Friday, August 22, 2025

Heading to the Supreme Court

A federal judge in Miami gave the state of Florida 60 days to clear out the immigrant detention facility called Alligator Alcatraz, handing environmentalists and the Miccosukee Tribe of Indians a win after they clashed with Gov. Ron DeSantis (R) over the environmental impacts the makeshift site was having in the federally protected Everglades.

  WaPo
Kind of like getting Al Capone on tax evasion charges. Whatever works.
The state filed a notice of appeal with the U.S. Court of Appeals for the 11th Circuit less than an hour after the judge issued her order.
Maybe won't have to go all the way to the top.
Her order expands the pause on new construction that was part of a temporary restraining order two weeks ago and directs the state and federal governments and contractors to begin dismantling the center, including fencing, lighting, generators and all waste receptacles “that were installed to support this project.”

[...]

In her ruling, Williams said an environmental assessment was required before the site was erected in the Everglades, but “the Defendants chose not to do so.”

Despite what DeSantis described as a facility that would have “zero” impact on the surrounding wetlands, Williams cited expert testimony and said the project will have “considerable environmental impacts” and should have been reviewed by relevant federal agencies.

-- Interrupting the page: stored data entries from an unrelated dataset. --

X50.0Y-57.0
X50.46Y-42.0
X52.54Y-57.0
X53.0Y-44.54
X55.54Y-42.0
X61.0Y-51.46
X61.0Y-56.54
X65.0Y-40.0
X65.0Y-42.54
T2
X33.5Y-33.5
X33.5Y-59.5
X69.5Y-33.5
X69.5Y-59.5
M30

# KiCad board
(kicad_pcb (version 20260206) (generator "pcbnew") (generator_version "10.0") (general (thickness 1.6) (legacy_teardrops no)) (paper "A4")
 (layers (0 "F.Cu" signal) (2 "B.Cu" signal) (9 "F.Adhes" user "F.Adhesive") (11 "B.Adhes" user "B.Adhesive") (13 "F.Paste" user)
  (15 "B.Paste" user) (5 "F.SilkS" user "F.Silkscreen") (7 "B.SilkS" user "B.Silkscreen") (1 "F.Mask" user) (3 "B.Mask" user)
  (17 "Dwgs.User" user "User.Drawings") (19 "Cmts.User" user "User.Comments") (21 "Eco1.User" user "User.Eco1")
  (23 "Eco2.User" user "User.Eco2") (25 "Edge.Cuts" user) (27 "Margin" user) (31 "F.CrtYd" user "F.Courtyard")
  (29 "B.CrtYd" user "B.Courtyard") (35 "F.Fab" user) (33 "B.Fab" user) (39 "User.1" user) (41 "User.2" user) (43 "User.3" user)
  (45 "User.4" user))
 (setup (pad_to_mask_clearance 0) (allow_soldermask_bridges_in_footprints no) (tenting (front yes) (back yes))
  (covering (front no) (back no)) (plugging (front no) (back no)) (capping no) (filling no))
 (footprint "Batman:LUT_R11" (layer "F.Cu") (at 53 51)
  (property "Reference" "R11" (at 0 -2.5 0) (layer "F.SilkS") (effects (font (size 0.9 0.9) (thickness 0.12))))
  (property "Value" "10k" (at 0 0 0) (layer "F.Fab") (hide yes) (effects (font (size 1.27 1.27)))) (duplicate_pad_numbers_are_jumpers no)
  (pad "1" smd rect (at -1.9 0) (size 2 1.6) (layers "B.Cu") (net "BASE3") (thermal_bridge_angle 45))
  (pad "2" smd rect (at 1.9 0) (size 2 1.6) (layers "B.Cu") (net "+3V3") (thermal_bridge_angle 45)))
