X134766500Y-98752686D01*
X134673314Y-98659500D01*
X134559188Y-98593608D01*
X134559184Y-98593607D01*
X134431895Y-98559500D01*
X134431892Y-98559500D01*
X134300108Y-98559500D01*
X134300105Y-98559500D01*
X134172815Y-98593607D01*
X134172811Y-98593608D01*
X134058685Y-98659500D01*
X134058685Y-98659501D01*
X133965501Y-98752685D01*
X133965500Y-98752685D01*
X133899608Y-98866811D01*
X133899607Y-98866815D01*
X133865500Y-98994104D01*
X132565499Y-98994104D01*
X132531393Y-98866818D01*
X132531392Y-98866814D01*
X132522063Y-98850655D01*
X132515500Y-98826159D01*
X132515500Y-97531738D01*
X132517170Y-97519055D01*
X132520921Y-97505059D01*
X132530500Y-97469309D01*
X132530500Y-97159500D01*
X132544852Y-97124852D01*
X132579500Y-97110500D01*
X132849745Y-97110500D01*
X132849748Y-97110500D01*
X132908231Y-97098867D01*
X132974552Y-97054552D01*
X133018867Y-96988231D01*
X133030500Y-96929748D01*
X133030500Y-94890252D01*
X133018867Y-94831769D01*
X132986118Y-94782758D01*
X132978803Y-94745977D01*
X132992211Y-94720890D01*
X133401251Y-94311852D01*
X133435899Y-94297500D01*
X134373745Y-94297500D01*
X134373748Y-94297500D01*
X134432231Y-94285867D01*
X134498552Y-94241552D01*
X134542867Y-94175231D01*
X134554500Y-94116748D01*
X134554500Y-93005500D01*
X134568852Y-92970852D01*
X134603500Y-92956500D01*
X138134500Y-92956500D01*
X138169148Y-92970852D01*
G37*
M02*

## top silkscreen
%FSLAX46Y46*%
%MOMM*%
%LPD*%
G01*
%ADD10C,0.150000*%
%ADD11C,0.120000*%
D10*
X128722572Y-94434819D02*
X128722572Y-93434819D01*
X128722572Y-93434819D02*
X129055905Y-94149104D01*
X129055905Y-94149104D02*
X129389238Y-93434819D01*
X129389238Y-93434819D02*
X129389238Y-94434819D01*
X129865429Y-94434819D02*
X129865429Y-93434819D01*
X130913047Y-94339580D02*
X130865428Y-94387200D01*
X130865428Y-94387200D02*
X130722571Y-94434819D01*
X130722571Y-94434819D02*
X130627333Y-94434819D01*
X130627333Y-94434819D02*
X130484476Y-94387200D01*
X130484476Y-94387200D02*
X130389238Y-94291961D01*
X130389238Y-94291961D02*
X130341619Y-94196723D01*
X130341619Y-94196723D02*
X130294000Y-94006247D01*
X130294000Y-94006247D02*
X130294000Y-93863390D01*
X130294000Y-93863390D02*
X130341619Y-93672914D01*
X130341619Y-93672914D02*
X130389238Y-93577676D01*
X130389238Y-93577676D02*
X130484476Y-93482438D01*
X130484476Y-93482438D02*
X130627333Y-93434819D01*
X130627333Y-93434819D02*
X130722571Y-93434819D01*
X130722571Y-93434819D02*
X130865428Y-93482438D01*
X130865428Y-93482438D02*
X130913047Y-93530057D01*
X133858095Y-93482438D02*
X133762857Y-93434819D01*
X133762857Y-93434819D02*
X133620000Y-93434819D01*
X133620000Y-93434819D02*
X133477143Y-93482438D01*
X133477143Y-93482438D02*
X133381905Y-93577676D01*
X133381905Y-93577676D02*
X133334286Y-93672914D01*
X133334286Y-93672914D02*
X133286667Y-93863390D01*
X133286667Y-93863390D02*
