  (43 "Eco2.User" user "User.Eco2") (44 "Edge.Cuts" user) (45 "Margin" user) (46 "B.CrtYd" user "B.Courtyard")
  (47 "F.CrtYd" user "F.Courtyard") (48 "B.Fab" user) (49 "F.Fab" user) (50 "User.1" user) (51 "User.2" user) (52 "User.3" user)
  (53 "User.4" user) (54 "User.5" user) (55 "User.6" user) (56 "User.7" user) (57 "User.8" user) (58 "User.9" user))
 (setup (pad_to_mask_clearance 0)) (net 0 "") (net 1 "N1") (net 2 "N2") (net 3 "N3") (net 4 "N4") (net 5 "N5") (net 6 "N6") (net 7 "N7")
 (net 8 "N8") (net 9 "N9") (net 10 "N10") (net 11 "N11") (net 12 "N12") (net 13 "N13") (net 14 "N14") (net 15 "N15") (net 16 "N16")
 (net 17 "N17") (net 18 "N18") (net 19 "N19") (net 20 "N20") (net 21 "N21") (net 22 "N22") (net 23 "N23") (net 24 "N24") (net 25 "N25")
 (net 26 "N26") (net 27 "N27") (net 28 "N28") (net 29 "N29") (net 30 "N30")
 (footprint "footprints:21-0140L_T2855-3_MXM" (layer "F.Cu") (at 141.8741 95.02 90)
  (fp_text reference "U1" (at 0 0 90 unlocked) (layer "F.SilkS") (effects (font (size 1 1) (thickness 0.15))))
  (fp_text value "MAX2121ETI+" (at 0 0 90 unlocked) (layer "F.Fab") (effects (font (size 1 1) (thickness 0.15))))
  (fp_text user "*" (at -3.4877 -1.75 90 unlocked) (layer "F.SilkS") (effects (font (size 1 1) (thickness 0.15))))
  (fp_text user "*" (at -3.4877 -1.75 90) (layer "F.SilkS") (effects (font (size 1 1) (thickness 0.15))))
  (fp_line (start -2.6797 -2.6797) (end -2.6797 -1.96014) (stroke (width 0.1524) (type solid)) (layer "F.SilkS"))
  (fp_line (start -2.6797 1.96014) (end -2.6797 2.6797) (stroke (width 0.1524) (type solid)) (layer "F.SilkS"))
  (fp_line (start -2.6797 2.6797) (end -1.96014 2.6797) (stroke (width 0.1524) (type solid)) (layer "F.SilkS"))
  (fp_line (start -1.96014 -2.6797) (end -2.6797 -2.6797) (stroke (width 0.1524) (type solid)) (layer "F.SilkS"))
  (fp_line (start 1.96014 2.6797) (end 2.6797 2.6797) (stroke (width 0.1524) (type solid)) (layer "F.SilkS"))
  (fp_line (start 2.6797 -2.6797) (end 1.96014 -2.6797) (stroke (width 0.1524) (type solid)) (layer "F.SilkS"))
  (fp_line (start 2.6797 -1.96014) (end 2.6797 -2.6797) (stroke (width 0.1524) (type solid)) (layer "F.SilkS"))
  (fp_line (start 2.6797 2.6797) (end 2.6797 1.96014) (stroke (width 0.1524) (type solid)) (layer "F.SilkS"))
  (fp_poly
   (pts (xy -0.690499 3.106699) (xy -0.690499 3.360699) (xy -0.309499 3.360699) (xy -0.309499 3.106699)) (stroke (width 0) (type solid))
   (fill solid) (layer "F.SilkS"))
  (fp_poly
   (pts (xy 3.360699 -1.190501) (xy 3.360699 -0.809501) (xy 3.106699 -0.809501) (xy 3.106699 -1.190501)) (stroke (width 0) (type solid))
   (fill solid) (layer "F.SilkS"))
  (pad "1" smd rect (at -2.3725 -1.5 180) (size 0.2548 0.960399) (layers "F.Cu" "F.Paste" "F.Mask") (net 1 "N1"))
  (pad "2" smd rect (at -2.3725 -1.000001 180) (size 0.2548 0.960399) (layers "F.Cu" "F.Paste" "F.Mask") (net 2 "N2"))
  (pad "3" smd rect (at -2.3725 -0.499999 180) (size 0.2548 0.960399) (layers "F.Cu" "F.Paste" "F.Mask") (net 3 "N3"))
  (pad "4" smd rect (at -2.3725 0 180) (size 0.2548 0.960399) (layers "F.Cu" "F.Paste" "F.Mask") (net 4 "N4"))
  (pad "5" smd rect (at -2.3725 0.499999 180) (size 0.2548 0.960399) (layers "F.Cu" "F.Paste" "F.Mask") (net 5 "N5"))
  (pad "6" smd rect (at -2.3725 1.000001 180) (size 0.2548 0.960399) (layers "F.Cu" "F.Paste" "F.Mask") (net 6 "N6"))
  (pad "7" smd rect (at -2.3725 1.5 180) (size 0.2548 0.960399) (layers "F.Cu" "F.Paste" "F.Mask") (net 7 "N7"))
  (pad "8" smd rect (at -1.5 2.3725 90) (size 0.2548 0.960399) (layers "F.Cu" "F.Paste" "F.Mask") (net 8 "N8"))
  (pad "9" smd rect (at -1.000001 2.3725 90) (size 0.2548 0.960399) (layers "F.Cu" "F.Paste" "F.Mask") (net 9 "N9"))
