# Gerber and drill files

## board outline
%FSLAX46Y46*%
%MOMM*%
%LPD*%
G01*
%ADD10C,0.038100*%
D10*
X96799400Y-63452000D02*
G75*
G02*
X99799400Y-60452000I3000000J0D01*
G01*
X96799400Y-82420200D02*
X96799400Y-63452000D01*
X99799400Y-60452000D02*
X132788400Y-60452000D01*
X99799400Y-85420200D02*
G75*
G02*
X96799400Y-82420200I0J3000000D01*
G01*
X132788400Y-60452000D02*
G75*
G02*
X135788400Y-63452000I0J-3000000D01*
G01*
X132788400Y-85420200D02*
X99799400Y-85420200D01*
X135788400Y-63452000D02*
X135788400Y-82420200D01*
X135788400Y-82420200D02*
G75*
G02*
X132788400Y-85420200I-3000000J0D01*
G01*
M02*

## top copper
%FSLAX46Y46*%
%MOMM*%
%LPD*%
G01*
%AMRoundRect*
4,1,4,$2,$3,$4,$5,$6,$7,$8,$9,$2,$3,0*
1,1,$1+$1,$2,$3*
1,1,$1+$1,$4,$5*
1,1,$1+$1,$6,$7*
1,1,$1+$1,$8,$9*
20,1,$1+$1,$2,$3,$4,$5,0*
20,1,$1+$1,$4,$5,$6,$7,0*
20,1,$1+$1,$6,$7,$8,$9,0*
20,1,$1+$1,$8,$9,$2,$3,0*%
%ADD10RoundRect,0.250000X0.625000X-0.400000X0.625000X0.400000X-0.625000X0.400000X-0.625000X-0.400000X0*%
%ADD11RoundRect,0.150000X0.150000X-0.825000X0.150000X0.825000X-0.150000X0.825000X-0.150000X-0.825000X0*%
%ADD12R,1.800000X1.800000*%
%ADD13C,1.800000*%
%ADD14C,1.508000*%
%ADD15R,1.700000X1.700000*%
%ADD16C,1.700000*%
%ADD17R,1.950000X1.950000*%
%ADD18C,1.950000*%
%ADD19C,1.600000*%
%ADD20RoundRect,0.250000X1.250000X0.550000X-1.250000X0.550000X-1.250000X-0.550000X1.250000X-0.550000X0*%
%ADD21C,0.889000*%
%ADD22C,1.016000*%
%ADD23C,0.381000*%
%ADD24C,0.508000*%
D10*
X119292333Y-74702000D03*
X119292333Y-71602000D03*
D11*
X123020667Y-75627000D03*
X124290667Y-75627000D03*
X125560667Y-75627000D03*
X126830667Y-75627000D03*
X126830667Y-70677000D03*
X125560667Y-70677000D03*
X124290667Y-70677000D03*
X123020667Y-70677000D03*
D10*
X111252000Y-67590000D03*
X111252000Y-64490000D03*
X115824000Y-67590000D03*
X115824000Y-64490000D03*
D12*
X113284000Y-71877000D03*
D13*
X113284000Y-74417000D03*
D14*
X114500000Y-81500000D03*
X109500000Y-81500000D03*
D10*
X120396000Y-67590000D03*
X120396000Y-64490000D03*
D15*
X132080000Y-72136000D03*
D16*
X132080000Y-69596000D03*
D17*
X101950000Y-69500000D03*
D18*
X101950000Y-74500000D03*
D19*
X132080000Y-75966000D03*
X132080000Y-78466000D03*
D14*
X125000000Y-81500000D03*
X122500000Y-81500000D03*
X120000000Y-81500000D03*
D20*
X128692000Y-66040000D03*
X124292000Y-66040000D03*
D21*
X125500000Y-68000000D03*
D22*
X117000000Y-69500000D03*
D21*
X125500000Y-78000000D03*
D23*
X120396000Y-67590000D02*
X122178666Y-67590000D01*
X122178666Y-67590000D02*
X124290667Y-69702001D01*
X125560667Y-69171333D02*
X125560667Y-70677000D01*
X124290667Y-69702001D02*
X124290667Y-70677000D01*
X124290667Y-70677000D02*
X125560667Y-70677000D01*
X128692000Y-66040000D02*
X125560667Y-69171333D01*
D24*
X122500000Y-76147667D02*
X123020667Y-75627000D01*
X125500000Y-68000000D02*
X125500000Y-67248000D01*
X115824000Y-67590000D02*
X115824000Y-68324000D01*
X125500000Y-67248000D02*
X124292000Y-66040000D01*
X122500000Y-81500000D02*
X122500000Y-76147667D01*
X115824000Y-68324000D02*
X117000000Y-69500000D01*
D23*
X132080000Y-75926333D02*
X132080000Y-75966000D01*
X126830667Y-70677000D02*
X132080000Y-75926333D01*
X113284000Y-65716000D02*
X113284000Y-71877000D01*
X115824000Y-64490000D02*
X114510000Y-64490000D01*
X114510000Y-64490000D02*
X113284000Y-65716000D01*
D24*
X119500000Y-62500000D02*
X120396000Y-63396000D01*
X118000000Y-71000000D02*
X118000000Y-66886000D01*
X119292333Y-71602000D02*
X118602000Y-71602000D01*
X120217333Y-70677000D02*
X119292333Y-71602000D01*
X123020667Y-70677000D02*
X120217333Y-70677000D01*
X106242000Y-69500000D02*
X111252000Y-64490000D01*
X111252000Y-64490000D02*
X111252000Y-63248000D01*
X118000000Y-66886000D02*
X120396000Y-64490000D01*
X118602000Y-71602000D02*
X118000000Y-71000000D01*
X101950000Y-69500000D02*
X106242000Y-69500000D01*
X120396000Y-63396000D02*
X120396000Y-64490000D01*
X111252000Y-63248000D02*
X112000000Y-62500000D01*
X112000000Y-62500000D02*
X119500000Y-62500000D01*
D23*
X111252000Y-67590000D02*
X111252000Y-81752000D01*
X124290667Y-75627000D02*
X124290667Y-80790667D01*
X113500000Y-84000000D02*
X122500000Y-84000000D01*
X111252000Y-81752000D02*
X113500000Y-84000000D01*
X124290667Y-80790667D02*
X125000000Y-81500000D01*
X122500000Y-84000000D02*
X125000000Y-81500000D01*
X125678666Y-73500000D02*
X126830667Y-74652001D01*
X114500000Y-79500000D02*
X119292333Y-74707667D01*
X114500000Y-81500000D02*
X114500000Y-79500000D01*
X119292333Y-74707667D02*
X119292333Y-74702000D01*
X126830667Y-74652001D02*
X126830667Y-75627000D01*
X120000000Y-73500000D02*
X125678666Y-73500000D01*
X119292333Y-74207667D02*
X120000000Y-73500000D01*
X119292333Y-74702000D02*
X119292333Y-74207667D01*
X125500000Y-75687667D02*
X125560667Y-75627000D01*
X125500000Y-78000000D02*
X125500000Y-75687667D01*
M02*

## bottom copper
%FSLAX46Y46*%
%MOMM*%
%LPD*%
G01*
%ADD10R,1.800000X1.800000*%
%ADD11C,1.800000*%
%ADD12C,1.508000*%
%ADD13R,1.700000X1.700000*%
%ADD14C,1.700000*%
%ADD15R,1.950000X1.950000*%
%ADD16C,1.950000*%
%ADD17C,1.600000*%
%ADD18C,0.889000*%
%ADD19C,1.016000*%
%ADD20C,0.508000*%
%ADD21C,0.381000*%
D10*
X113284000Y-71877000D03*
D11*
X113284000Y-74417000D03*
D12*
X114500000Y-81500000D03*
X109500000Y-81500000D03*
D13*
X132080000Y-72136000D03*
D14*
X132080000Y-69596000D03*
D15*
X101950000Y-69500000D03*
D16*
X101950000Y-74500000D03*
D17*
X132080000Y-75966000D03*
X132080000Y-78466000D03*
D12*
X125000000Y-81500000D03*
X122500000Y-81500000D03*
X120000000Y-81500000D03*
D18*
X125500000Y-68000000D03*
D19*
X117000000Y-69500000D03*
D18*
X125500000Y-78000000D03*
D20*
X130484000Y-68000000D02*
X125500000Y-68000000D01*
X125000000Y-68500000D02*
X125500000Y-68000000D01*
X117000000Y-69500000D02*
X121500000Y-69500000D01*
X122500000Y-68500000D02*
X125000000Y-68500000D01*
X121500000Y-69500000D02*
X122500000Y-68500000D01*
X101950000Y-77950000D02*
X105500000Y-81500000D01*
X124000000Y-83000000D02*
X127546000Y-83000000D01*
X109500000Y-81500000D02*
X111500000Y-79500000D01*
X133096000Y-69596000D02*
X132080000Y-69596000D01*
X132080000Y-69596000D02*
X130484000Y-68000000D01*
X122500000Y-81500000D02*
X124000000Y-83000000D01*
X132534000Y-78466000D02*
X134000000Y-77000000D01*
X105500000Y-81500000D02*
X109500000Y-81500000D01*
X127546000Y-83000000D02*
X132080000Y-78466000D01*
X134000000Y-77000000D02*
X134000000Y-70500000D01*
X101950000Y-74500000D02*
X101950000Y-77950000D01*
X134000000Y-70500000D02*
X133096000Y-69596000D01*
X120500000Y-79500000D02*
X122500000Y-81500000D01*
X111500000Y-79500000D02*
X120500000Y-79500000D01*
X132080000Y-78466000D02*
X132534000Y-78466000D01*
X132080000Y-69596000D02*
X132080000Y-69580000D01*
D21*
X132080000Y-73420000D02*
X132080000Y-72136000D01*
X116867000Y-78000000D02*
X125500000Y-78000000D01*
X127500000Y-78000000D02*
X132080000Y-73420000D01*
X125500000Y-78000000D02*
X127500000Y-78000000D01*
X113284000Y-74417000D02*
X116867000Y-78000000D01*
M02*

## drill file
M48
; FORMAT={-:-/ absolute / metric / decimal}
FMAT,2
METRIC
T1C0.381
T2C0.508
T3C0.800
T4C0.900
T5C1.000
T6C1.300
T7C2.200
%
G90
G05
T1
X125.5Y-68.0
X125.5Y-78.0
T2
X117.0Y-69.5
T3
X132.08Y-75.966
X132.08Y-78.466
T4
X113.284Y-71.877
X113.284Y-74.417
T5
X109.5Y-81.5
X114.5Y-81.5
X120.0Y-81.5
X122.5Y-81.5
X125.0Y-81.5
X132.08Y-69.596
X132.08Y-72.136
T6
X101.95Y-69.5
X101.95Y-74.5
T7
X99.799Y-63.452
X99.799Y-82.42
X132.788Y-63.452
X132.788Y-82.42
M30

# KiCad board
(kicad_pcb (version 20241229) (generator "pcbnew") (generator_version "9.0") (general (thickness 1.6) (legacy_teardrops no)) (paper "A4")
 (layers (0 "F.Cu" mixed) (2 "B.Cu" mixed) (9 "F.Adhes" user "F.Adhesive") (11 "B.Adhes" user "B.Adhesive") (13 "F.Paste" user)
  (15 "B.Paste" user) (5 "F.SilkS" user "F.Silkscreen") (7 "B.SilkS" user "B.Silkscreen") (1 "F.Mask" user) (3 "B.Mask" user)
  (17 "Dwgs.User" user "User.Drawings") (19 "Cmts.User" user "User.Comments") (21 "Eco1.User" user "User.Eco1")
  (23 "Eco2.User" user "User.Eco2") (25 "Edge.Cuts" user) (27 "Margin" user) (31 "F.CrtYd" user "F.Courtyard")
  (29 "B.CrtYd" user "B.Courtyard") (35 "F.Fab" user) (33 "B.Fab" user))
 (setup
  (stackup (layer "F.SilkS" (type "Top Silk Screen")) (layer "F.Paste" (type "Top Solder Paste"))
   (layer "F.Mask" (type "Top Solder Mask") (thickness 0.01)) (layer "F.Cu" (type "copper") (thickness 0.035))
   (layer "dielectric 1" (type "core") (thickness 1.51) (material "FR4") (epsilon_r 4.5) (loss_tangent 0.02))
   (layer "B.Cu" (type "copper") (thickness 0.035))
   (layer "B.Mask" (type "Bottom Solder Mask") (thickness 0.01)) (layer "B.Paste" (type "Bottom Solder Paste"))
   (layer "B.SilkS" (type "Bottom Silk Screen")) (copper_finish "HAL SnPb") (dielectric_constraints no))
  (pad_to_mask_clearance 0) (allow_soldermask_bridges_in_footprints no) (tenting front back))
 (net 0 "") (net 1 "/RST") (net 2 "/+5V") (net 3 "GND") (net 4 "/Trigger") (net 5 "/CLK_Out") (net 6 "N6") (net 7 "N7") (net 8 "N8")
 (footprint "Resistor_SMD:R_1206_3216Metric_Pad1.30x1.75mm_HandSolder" (layer "F.Cu") (at 119.292333 73.152 90)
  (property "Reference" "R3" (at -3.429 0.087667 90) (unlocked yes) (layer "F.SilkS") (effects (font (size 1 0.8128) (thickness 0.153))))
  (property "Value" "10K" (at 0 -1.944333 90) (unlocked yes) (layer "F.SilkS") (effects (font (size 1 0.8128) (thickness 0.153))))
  (pad "1" smd roundrect (at -1.55 0 90) (size 1.3 1.75) (layers "F.Cu" "F.Mask" "F.Paste") (roundrect_rratio 0.192308) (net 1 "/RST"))
  (pad "2" smd roundrect (at 1.55 0 90) (size 1.3 1.75) (layers "F.Cu" "F.Mask" "F.Paste") (roundrect_rratio 0.192308) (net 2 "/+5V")))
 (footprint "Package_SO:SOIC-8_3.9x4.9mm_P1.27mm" (layer "F.Cu") (at 124.925667 73.152 90)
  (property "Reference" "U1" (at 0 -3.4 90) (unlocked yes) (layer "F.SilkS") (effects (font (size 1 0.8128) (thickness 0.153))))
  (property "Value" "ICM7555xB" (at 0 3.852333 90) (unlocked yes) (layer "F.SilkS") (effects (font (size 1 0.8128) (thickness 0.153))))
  (pad "1" smd roundrect (at -2.475 -1.905 90) (size 1.95 0.6) (layers "F.Cu" "F.Mask" "F.Paste") (roundrect_rratio 0.25) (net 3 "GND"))
  (pad "2" smd roundrect (at -2.475 -0.635 90) (size 1.95 0.6) (layers "F.Cu" "F.Mask" "F.Paste") (roundrect_rratio 0.25) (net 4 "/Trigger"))
  (pad "3" smd roundrect (at -2.475 0.635 90) (size 1.95 0.6) (layers "F.Cu" "F.Mask" "F.Paste") (roundrect_rratio 0.25) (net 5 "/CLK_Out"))
  (pad "4" smd roundrect (at -2.475 1.905 90) (size 1.95 0.6) (layers "F.Cu" "F.Mask" "F.Paste") (roundrect_rratio 0.25) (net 1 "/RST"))
  (pad "5" smd roundrect (at 2.475 1.905 90) (size 1.95 0.6) (layers "F.Cu" "F.Mask" "F.Paste") (roundrect_rratio 0.25) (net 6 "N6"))
  (pad "6" smd roundrect (at 2.475 0.635 90) (size 1.95 0.6) (layers "F.Cu" "F.Mask" "F.Paste") (roundrect_rratio 0.25) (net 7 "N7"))
  (pad "7" smd roundrect (at 2.475 -0.635 90) (size 1.95 0.6) (layers "F.Cu" "F.Mask" "F.Paste") (roundrect_rratio 0.25) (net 7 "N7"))
  (pad "8" smd roundrect (at 2.475 -1.905 90) (size 1.95 0.6) (layers "F.Cu" "F.Mask" "F.Paste") (roundrect_rratio 0.25) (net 2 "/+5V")))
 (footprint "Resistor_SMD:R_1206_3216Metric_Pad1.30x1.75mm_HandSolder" (layer "F.Cu") (at 111.252 66.04 90)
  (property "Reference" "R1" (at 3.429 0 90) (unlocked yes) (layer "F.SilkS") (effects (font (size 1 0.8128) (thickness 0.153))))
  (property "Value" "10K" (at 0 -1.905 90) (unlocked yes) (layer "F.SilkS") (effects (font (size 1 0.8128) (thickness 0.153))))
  (pad "1" smd roundrect (at -1.55 0 90) (size 1.3 1.75) (layers "F.Cu" "F.Mask" "F.Paste") (roundrect_rratio 0.192308) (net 4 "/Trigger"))
  (pad "2" smd roundrect (at 1.55 0 90) (size 1.3 1.75) (layers "F.Cu" "F.Mask" "F.Paste") (roundrect_rratio 0.192308) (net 2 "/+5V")))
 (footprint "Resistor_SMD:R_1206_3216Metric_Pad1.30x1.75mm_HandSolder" (layer "F.Cu") (at 115.824 66.04 90)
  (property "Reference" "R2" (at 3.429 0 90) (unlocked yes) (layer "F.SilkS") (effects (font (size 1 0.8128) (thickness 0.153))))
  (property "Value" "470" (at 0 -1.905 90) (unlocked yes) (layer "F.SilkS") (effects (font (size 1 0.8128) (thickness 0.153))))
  (pad "1" smd roundrect (at -1.55 0 90) (size 1.3 1.75) (layers "F.Cu" "F.Mask" "F.Paste") (roundrect_rratio 0.192308) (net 3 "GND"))
  (pad "2" smd roundrect (at 1.55 0 90) (size 1.3 1.75) (layers "F.Cu" "F.Mask" "F.Paste") (roundrect_rratio 0.192308) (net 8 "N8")))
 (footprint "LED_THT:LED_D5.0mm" (layer "F.Cu") (at 113.284 71.877 -90)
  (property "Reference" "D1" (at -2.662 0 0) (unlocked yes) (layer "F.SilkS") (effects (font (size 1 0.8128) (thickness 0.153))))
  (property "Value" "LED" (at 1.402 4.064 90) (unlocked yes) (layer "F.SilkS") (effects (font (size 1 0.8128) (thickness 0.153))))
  (pad "1" thru_hole rect (at 0 0 270) (size 1.8 1.8) (drill 0.9) (layers "*.Cu" "*.Mask") (remove_unused_layers no) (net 8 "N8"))
  (pad "2" thru_hole circle (at 2.54 0 270) (size 1.8 1.8) (drill 0.9) (layers "*.Cu" "*.Mask") (remove_unused_layers no) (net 5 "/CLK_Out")))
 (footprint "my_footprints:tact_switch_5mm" (layer "F.Cu") (at 112 81.5 180)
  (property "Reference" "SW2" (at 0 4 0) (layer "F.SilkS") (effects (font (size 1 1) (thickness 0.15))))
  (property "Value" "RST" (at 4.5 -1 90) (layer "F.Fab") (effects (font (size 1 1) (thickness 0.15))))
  (pad "1" thru_hole circle (at -2.5 0 180) (size 1.508 1.508) (drill 1) (layers "*.Cu" "*.Mask") (remove_unused_layers no) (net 1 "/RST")
   (solder_mask_margin 0.102))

The project “creates irreparable harm in the form of habitat loss and increased mortality to endangered species in the area,” including the Florida panther, she wrote.

[...]

A July 29 “Preliminary Ecological Assessment” by a state contractor noted at least 10 endangered or threatened species in the area, including the Everglade snail kite, wood storks and the bonneted bat.
MAGA thinks endangered species protection is bullshit anyway.
A 10,499-foot runway is all that remains of a 1960s plan to build the world’s largest airport. Environmentalists, led by renowned Everglades conservationist Marjory Stoneman Douglas, managed to thwart the project and get the federal government to protect nearly a million wetland acres. The organization Douglas created to fight the jetport, Friends of the Everglades, was among the groups that sued over Alligator Alcatraz.

The site has no electricity, so everything is powered by generators, including portable air conditioners. Drinking and bathing water has to be trucked in, and sewage, trash and wastewater trucked out.

[...]

Environmentalists presented photos and other evidence in court that showed the state paved over at least 20 adjacent acres of wetlands. Security lighting there turned a DarkSky International location — one of only two in the Southeast — into a brightly lit compound visible from 15 miles away.

[...]

The first tents and detention cages went up on June 23 after the state seized the property from Miami-Dade County under a two-year-old emergency order issued by DeSantis (R).

[...]

It would house up to 5,000 men and women awaiting deportation, according to the governor, though to date its greatest count has been about 1,000 people. U.S. Rep. Maxwell Frost (D) visited Wednesday to try meeting relatives of constituents and said afterward that only 346 men were there.

A separate lawsuit over detainees’ legal rights, brought by the ACLU and other groups, was in part dismissed late Monday when U.S. District Judge Rodolfo Ruiz ruled some of their claims moot. He then moved the remainder of the case to a different jurisdiction.

[...]

Last week, DeSantis moved to convert an old prison in North Florida into a second immigrant detention site, which he named “Deportation Depot.” Some Democratic lawmakers said the announcement signaled that the state was worried about having to close down Alligator Alcatraz and find a place for the detainees there.